“This is no celebration,” replied the captain tiredly. “This is no banquet. These aren’t government representatives. This is no surprise party. Look at their eyes. Listen to them!”

…”Where are we, sir?”

The captain exhaled. “In an insane asylum.” (Bradbury 34-35)

What a beautiful twist! And this book is full of them.

First, the initial expedition, which made it to the ground only to be murdered.

Then the second expedition, who told the people of Mars they were from Earth and were then forced into the asylum because the natives thought they were crazy telepathic Martians.

I like the way Bradbury convinces the reader of this. First, the astronauts are celebrating. They think someone is finally taking them seriously, until the natives mention they’re from Earth as well, which obviously isn’t true.

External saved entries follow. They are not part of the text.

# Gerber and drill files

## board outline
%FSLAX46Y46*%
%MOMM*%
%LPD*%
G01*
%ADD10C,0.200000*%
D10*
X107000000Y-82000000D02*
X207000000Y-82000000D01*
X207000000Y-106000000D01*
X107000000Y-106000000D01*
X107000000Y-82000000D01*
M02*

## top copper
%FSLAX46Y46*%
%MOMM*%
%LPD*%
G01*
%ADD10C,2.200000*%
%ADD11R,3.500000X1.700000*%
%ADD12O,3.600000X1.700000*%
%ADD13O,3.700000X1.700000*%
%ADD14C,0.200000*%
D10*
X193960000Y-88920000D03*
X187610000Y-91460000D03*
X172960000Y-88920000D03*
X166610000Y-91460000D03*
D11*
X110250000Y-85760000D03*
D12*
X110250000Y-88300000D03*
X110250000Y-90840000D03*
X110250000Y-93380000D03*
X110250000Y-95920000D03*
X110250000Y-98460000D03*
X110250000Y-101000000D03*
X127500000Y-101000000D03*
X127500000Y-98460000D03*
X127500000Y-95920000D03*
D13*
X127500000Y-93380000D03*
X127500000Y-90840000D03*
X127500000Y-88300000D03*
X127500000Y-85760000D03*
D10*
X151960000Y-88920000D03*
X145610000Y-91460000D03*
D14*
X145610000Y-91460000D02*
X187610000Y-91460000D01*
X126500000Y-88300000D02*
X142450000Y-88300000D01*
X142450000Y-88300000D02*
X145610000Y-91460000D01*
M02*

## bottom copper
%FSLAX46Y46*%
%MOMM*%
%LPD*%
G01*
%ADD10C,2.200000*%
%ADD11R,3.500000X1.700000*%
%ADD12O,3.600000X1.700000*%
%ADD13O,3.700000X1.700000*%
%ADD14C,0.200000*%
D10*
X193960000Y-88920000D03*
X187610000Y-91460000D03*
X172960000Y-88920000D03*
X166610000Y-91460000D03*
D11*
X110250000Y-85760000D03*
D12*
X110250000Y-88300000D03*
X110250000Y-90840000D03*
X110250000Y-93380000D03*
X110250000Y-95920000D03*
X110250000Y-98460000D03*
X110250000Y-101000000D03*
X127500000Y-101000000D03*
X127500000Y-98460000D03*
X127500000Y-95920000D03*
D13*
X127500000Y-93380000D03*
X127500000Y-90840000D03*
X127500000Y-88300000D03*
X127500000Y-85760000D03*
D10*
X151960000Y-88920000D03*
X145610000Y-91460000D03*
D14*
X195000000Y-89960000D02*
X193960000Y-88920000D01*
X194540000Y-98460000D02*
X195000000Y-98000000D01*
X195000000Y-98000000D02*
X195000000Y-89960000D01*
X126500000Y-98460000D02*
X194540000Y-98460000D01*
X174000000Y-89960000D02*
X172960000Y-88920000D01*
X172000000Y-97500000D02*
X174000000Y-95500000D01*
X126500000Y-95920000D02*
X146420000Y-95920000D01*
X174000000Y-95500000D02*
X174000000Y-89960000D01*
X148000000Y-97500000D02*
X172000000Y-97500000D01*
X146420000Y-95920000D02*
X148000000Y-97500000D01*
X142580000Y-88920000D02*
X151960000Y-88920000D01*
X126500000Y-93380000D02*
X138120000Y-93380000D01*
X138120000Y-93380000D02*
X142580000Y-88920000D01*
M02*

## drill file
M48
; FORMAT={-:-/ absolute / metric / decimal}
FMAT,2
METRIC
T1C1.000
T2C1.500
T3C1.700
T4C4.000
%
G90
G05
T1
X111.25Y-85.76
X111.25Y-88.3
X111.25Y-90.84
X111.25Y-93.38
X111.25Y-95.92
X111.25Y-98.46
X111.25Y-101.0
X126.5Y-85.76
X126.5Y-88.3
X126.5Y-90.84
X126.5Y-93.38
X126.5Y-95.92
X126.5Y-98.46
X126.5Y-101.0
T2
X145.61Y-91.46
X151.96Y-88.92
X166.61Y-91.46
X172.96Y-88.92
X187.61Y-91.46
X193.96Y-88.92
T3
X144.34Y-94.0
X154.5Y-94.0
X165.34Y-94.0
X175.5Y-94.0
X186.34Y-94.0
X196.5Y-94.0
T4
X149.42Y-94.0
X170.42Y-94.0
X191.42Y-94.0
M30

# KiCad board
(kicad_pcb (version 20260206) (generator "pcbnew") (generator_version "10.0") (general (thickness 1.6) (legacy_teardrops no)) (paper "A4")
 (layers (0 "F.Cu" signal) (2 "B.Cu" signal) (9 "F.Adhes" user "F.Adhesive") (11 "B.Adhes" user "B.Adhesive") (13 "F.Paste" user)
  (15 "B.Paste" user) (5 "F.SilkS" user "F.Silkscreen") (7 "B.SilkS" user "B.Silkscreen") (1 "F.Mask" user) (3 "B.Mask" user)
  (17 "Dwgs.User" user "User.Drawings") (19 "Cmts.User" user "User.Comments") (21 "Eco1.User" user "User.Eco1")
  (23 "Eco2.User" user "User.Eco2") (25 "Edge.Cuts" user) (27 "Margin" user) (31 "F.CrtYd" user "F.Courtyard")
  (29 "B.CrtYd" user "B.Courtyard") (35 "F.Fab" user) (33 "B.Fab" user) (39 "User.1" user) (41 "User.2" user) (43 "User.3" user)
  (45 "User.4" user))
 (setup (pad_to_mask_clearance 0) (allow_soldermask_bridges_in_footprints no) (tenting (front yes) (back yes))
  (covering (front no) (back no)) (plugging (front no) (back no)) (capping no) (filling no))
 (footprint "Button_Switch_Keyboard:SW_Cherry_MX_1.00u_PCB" (layer "F.Cu") (at 193.96 88.92)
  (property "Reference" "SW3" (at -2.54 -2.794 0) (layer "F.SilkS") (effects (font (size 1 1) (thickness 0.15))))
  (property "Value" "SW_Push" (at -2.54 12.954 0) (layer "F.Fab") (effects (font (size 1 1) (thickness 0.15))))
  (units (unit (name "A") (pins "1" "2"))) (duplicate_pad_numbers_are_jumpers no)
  (pad "" np_thru_hole circle (at -7.62 5.08) (size 1.7 1.7) (drill 1.7) (layers "*.Cu" "*.Mask"))
  (pad "" np_thru_hole circle (at -2.54 5.08) (size 4 4) (drill 4) (layers "*.Cu" "*.Mask"))
  (pad "" np_thru_hole circle (at 2.54 5.08) (size 1.7 1.7) (drill 1.7) (layers "*.Cu" "*.Mask"))
  (pad "1" thru_hole circle (at 0 0) (size 2.2 2.2) (drill 1.5) (layers "*.Cu" "*.Mask") (remove_unused_layers no)
   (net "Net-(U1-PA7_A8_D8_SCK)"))
  (pad "2" thru_hole circle (at -6.35 2.54) (size 2.2 2.2) (drill 1.5) (layers "*.Cu" "*.Mask") (remove_unused_layers no) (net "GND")))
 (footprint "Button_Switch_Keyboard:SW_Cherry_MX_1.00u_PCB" (layer "F.Cu") (at 172.96 88.92)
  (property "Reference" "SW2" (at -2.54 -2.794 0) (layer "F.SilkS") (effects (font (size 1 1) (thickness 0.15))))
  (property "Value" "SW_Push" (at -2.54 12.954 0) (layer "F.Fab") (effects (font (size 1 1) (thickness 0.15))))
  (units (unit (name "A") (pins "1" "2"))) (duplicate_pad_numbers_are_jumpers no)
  (pad "" np_thru_hole circle (at -7.62 5.08) (size 1.7 1.7) (drill 1.7) (layers "*.Cu" "*.Mask"))
  (pad "" np_thru_hole circle (at -2.54 5.08) (size 4 4) (drill 4) (layers "*.Cu" "*.Mask"))
  (pad "" np_thru_hole circle (at 2.54 5.08) (size 1.7 1.7) (drill 1.7) (layers "*.Cu" "*.Mask"))
  (pad "1" thru_hole circle (at 0 0) (size 2.2 2.2) (drill 1.5) (layers "*.Cu" "*.Mask") (remove_unused_layers no)
   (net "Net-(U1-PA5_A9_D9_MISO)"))
  (pad "2" thru_hole circle (at -6.35 2.54) (size 2.2 2.2) (drill 1.5) (layers "*.Cu" "*.Mask") (remove_unused_layers no) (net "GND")))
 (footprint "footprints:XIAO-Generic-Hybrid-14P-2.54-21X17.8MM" (layer "F.Cu") (at 118.875 93.38)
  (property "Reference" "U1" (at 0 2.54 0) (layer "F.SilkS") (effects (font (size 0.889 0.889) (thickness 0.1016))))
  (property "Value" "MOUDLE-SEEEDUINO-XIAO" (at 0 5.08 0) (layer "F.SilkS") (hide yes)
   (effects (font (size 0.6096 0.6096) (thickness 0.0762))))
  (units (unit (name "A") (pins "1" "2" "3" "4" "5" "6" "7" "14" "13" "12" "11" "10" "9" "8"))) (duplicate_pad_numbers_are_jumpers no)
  (pad "1" thru_hole rect (at -7.625 -7.62) (size 3.5 1.7) (drill 1 (offset -1 0)) (layers "*.Cu" "*.Mask") (remove_unused_layers no)
   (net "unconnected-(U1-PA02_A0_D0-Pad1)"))
  (pad "2" thru_hole oval (at -7.625 -5.08) (size 3.6 1.7) (drill 1 (offset -1 0)) (layers "*.Cu" "*.Mask") (remove_unused_layers no)
   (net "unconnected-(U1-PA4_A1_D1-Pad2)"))
  (pad "3" thru_hole oval (at -7.625 -2.54) (size 3.6 1.7) (drill 1 (offset -1 0)) (layers "*.Cu" "*.Mask") (remove_unused_layers no)
   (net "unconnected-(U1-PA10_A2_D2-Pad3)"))
  (pad "4" thru_hole oval (at -7.625 0) (size 3.6 1.7) (drill 1 (offset -1 0)) (layers "*.Cu" "*.Mask") (remove_unused_layers no)
   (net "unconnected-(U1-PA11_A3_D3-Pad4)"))
  (pad "5" thru_hole oval (at -7.625 2.54) (size 3.6 1.7) (drill 1 (offset -1 0)) (layers "*.Cu" "*.Mask") (remove_unused_layers no)
   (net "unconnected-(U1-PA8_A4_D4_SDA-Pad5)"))
  (pad "6" thru_hole oval (at -7.625 5.08 180) (size 3.6 1.7) (drill 1 (offset 1 0)) (layers "*.Cu" "*.Mask") (remove_unused_layers no)
   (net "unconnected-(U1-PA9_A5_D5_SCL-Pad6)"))
  (pad "7" thru_hole oval (at -7.625 7.62) (size 3.6 1.7) (drill 1 (offset -1 0)) (layers "*.Cu" "*.Mask") (remove_unused_layers no)
   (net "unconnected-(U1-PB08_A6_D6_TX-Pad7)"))
  (pad "8" thru_hole oval (at 7.625 7.62) (size 3.6 1.7) (drill 1 (offset 1 0)) (layers "*.Cu" "*.Mask") (remove_unused_layers no)
   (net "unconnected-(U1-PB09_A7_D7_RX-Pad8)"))
  (pad "9" thru_hole oval (at 7.625 5.08) (size 3.6 1.7) (drill 1 (offset 1 0)) (layers "*.Cu" "*.Mask") (remove_unused_layers no)
   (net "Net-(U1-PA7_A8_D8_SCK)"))
  (pad "10" thru_hole oval (at 7.625 2.54) (size 3.6 1.7) (drill 1 (offset 1 0)) (layers "*.Cu" "*.Mask") (remove_unused_layers no)
   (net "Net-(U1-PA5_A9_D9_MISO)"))
  (pad "11" thru_hole oval (at 7.625 0) (size 3.7 1.7) (drill 1 (offset 1 0)) (layers "*.Cu" "*.Mask") (remove_unused_layers no)
   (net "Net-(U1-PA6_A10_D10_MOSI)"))
  (pad "12" thru_hole oval (at 7.625 -2.54) (size 3.7 1.7) (drill 1 (offset 1 0)) (layers "*.Cu" "*.Mask") (remove_unused_layers no)
   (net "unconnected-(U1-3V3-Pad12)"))
  (pad "13" thru_hole oval (at 7.625 -5.08) (size 3.7 1.7) (drill 1 (offset 1 0)) (layers "*.Cu" "*.Mask") (remove_unused_layers no)
   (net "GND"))
  (pad "14" thru_hole oval (at 7.625 -7.62) (size 3.7 1.7) (drill 1 (offset 1 0)) (layers "*.Cu" "*.Mask") (remove_unused_layers no)
   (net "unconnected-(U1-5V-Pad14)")))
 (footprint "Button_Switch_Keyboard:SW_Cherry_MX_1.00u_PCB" (layer "F.Cu") (at 151.96 88.92)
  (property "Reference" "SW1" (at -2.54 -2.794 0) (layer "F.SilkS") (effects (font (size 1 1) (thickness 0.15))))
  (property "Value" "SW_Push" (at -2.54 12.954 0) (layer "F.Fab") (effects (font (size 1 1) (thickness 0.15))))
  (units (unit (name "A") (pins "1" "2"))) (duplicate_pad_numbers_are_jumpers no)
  (pad "" np_thru_hole circle (at -7.62 5.08) (size 1.7 1.7) (drill 1.7) (layers "*.Cu" "*.Mask"))
  (pad "" np_thru_hole circle (at -2.54 5.08) (size 4 4) (drill 4) (layers "*.Cu" "*.Mask"))
  (pad "" np_thru_hole circle (at 2.54 5.08) (size 1.7 1.7) (drill 1.7) (layers "*.Cu" "*.Mask"))
  (pad "1" thru_hole circle (at 0 0) (size 2.2 2.2) (drill 1.5) (layers "*.Cu" "*.Mask") (remove_unused_layers no)
   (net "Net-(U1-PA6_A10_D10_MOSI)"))
  (pad "2" thru_hole circle (at -6.35 2.54) (size 2.2 2.2) (drill 1.5) (layers "*.Cu" "*.Mask") (remove_unused_layers no) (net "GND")))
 (gr_rect (start 107 82) (end 207 106) (stroke (width 0.2) (type default)) (fill no) (layer "Edge.Cuts"))
 (segment (start 195 89.96) (end 193.96 88.92) (width 0.2) (layer "B.Cu") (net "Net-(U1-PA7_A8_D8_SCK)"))
 (segment (start 194.54 98.46) (end 195 98) (width 0.2) (layer "B.Cu") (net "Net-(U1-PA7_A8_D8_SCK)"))
 (segment (start 195 98) (end 195 89.96) (width 0.2) (layer "B.Cu") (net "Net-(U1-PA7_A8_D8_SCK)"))
 (segment (start 126.5 98.46) (end 194.54 98.46) (width 0.2) (layer "B.Cu") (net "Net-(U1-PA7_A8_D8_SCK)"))
 (segment (start 145.61 91.46) (end 187.61 91.46) (width 0.2) (layer "F.Cu") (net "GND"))
 (segment (start 126.5 88.3) (end 142.45 88.3) (width 0.2) (layer "F.Cu") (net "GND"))
 (segment (start 142.45 88.3) (end 145.61 91.46) (width 0.2) (layer "F.Cu") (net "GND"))
 (segment (start 174 89.96) (end 172.96 88.92) (width 0.2) (layer "B.Cu") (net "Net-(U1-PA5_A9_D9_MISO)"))
 (segment (start 172 97.5) (end 174 95.5) (width 0.2) (layer "B.Cu") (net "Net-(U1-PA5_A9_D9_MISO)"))
 (segment (start 126.5 95.92) (end 146.42 95.92) (width 0.2) (layer "B.Cu") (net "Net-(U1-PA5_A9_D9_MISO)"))
 (segment (start 174 95.5) (end 174 89.96) (width 0.2) (layer "B.Cu") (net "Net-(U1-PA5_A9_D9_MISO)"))
 (segment (start 148 97.5) (end 172 97.5) (width 0.2) (layer "B.Cu") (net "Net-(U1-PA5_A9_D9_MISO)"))
 (segment (start 146.42 95.92) (end 148 97.5) (width 0.2) (layer "B.Cu") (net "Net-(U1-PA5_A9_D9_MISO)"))
 (segment (start 142.58 88.92) (end 151.96 88.92) (width 0.2) (layer "B.Cu") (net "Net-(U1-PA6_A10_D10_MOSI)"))
 (segment (start 126.5 93.38) (end 138.12 93.38) (width 0.2) (layer "B.Cu") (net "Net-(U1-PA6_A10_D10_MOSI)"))
 (segment (start 138.12 93.38) (end 142.58 88.92) (width 0.2) (layer "B.Cu") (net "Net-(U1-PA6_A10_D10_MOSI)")))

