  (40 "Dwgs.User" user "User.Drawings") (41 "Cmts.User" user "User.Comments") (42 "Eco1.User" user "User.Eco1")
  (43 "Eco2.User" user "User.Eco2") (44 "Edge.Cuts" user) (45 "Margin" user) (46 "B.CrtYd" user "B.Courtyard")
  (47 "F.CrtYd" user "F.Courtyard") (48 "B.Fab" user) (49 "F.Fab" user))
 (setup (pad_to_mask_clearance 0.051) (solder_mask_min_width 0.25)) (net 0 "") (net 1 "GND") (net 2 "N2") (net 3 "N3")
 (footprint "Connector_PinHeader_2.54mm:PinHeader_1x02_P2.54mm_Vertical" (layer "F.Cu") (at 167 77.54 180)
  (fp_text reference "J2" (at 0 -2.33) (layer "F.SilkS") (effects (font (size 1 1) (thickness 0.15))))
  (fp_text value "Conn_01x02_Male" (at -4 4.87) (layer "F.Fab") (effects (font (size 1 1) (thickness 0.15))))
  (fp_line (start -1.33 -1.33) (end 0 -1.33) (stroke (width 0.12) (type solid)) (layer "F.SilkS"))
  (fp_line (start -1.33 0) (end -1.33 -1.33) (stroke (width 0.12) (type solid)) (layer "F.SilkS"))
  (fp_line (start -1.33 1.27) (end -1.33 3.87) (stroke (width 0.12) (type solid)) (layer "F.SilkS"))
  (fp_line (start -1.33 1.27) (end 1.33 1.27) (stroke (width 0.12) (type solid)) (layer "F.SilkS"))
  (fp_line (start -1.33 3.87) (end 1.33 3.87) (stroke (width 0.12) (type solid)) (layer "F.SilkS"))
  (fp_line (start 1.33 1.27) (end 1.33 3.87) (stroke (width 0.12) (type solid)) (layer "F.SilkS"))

And then they think, we’ll we just have to prove it’s true. It shouldn’t be difficult, considering that they have pink skin and Martians are brown. But notice the captain’s words when his men ask them if it should be easy to leave. “I’m not [certain.] Look in that corner” (35). Where people bent realities with their minds. The people of Mars mentioned earlier in the book they were telepathic. This was not only a believable excuse, but riveting for the reader as the second expedition encounters their own realistic problem. I loved it!

I loved how this problem harassed the third expedition as well, and it was also not until the captain reflected on his reality, the odds of it happening, until he realized these imaginings were from his mind (63). It is these reflections that gives the characters the realization and the ability to act on these problems, and it is these reflections that clue the reader into the problem and give us the ability to react.

These reflections made these next chapters exquisite! And I definitely think they point out why self-reflection and thought are so important for our characters. Without it, they’re not real. They’re just figurines.

Bradbury, Ray. The Martian Chronicles. New York, NY: Harper Perennial, 1997. Print.